**Work order:** Set down, please, without alteration, the lines of the entries below from the first through the one containing "(edge_width 0.2) (via_size".

BEGIN

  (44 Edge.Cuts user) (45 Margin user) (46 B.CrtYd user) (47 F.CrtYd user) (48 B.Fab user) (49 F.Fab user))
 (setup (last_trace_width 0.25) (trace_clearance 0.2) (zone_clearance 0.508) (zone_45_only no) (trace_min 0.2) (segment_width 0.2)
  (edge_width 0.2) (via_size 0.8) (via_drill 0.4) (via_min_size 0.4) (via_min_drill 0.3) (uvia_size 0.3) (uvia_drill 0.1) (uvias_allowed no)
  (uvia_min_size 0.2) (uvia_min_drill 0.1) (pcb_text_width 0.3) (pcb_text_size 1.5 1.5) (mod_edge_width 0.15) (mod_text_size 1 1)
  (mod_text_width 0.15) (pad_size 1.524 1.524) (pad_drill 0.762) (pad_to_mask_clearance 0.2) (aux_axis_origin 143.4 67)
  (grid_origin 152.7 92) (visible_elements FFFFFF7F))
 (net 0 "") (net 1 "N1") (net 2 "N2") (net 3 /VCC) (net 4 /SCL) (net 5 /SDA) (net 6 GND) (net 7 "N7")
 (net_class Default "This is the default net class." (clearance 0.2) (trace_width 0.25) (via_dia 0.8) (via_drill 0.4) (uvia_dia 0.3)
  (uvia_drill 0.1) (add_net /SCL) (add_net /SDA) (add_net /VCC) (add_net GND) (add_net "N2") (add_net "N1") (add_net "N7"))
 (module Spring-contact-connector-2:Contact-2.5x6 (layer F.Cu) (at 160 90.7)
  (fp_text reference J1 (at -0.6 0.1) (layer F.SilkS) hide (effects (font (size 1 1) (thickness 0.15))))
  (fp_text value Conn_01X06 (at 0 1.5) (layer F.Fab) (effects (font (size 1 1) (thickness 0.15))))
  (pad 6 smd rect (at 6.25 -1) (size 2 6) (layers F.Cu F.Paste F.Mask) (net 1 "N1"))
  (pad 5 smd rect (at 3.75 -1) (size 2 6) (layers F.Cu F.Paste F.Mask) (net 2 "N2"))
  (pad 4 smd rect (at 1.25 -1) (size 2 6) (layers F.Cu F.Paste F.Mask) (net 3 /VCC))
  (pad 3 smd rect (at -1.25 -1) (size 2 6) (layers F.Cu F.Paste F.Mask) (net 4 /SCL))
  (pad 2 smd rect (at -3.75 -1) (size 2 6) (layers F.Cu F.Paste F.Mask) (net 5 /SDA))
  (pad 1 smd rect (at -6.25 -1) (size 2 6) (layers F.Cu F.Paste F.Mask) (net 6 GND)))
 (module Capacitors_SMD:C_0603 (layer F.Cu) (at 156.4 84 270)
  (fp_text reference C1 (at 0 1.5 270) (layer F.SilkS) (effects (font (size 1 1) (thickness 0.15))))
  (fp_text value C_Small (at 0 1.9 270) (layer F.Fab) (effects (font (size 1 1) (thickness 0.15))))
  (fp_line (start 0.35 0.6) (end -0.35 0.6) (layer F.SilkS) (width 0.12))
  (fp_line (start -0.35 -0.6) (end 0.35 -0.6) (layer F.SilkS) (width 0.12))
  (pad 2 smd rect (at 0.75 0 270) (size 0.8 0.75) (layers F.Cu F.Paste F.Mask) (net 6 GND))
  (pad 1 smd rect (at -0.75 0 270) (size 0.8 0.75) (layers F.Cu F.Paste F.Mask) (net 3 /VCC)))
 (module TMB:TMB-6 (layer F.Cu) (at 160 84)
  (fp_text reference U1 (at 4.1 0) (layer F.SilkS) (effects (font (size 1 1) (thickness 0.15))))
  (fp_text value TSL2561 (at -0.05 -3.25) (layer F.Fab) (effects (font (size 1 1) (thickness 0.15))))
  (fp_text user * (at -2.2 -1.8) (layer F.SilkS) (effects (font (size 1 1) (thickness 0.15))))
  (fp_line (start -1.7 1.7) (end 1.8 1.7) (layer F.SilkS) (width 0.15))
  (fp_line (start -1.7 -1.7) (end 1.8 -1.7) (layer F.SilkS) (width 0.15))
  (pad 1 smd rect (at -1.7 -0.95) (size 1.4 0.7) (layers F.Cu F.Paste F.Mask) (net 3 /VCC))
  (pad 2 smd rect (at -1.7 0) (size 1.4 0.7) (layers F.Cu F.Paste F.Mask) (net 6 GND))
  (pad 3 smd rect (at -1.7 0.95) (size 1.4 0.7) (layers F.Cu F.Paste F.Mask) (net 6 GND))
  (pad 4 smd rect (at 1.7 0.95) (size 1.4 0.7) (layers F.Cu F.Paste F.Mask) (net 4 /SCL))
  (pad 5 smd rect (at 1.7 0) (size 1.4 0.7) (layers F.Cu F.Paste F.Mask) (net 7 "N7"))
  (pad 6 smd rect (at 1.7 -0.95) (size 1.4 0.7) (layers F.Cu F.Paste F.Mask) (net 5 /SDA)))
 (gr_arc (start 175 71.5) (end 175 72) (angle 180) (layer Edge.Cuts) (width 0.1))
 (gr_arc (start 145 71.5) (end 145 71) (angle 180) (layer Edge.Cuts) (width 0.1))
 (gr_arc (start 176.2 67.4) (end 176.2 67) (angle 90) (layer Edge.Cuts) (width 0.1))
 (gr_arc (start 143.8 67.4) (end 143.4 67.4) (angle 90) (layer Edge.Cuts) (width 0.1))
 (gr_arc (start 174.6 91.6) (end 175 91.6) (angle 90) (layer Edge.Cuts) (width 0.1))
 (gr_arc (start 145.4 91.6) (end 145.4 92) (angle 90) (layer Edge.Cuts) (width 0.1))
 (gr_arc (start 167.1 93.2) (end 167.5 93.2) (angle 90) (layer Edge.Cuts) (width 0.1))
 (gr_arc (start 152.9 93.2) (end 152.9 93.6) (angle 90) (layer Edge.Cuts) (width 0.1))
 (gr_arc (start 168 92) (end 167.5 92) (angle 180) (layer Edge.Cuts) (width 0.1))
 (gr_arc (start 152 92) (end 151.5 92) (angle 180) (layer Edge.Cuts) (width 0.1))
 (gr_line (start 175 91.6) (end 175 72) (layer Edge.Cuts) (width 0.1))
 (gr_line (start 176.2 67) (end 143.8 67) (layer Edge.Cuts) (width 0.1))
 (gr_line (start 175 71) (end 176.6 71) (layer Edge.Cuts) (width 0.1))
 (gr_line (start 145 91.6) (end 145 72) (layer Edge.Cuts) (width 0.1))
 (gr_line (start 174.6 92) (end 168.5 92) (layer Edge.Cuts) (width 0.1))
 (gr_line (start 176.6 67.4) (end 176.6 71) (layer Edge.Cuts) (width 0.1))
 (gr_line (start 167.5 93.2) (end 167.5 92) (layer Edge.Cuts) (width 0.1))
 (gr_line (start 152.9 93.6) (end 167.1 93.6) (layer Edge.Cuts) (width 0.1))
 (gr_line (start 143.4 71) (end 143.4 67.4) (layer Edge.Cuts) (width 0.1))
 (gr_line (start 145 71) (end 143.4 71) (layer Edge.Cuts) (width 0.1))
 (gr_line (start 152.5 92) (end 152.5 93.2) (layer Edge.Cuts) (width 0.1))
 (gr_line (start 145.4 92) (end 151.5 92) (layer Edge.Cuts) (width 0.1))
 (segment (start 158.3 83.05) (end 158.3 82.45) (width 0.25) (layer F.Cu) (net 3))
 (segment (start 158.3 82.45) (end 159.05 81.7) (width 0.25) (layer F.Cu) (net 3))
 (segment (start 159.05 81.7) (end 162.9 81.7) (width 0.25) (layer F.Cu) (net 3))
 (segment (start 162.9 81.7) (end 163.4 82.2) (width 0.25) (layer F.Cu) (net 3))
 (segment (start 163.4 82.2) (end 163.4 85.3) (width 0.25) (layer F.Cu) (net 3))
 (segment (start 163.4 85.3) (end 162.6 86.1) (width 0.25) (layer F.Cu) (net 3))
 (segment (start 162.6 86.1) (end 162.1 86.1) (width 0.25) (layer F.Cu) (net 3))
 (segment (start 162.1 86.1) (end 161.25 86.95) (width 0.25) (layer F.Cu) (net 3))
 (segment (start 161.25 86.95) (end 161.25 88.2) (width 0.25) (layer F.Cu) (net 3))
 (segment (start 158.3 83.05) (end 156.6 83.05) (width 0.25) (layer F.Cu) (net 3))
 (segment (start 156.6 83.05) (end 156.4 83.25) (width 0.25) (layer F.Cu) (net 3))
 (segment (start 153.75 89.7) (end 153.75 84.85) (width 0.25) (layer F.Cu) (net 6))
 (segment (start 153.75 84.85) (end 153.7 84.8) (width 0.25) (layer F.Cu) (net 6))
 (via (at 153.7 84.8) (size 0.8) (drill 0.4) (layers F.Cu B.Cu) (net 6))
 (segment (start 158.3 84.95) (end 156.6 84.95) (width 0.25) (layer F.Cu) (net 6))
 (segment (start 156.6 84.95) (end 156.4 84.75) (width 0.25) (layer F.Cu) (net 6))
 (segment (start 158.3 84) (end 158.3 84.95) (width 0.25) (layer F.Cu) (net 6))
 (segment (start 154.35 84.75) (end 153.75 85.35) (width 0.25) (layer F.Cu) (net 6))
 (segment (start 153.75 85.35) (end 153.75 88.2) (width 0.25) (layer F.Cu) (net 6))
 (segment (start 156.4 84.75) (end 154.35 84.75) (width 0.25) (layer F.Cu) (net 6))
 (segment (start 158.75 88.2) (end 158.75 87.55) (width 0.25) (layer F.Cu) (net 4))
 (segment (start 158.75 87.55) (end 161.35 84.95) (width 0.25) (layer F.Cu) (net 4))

END

**Answer space:**
  (44 Edge.Cuts user) (45 Margin user) (46 B.CrtYd user) (47 F.CrtYd user) (48 B.Fab user) (49 F.Fab user))
 (setup (last_trace_width 0.25) (trace_clearance 0.2) (zone_clearance 0.508) (zone_45_only no) (trace_min 0.2) (segment_width 0.2)
  (edge_width 0.2) (via_size 0.8) (via_drill 0.4) (via_min_size 0.4) (via_min_drill 0.3) (uvia_size 0.3) (uvia_drill 0.1) (uvias_allowed no)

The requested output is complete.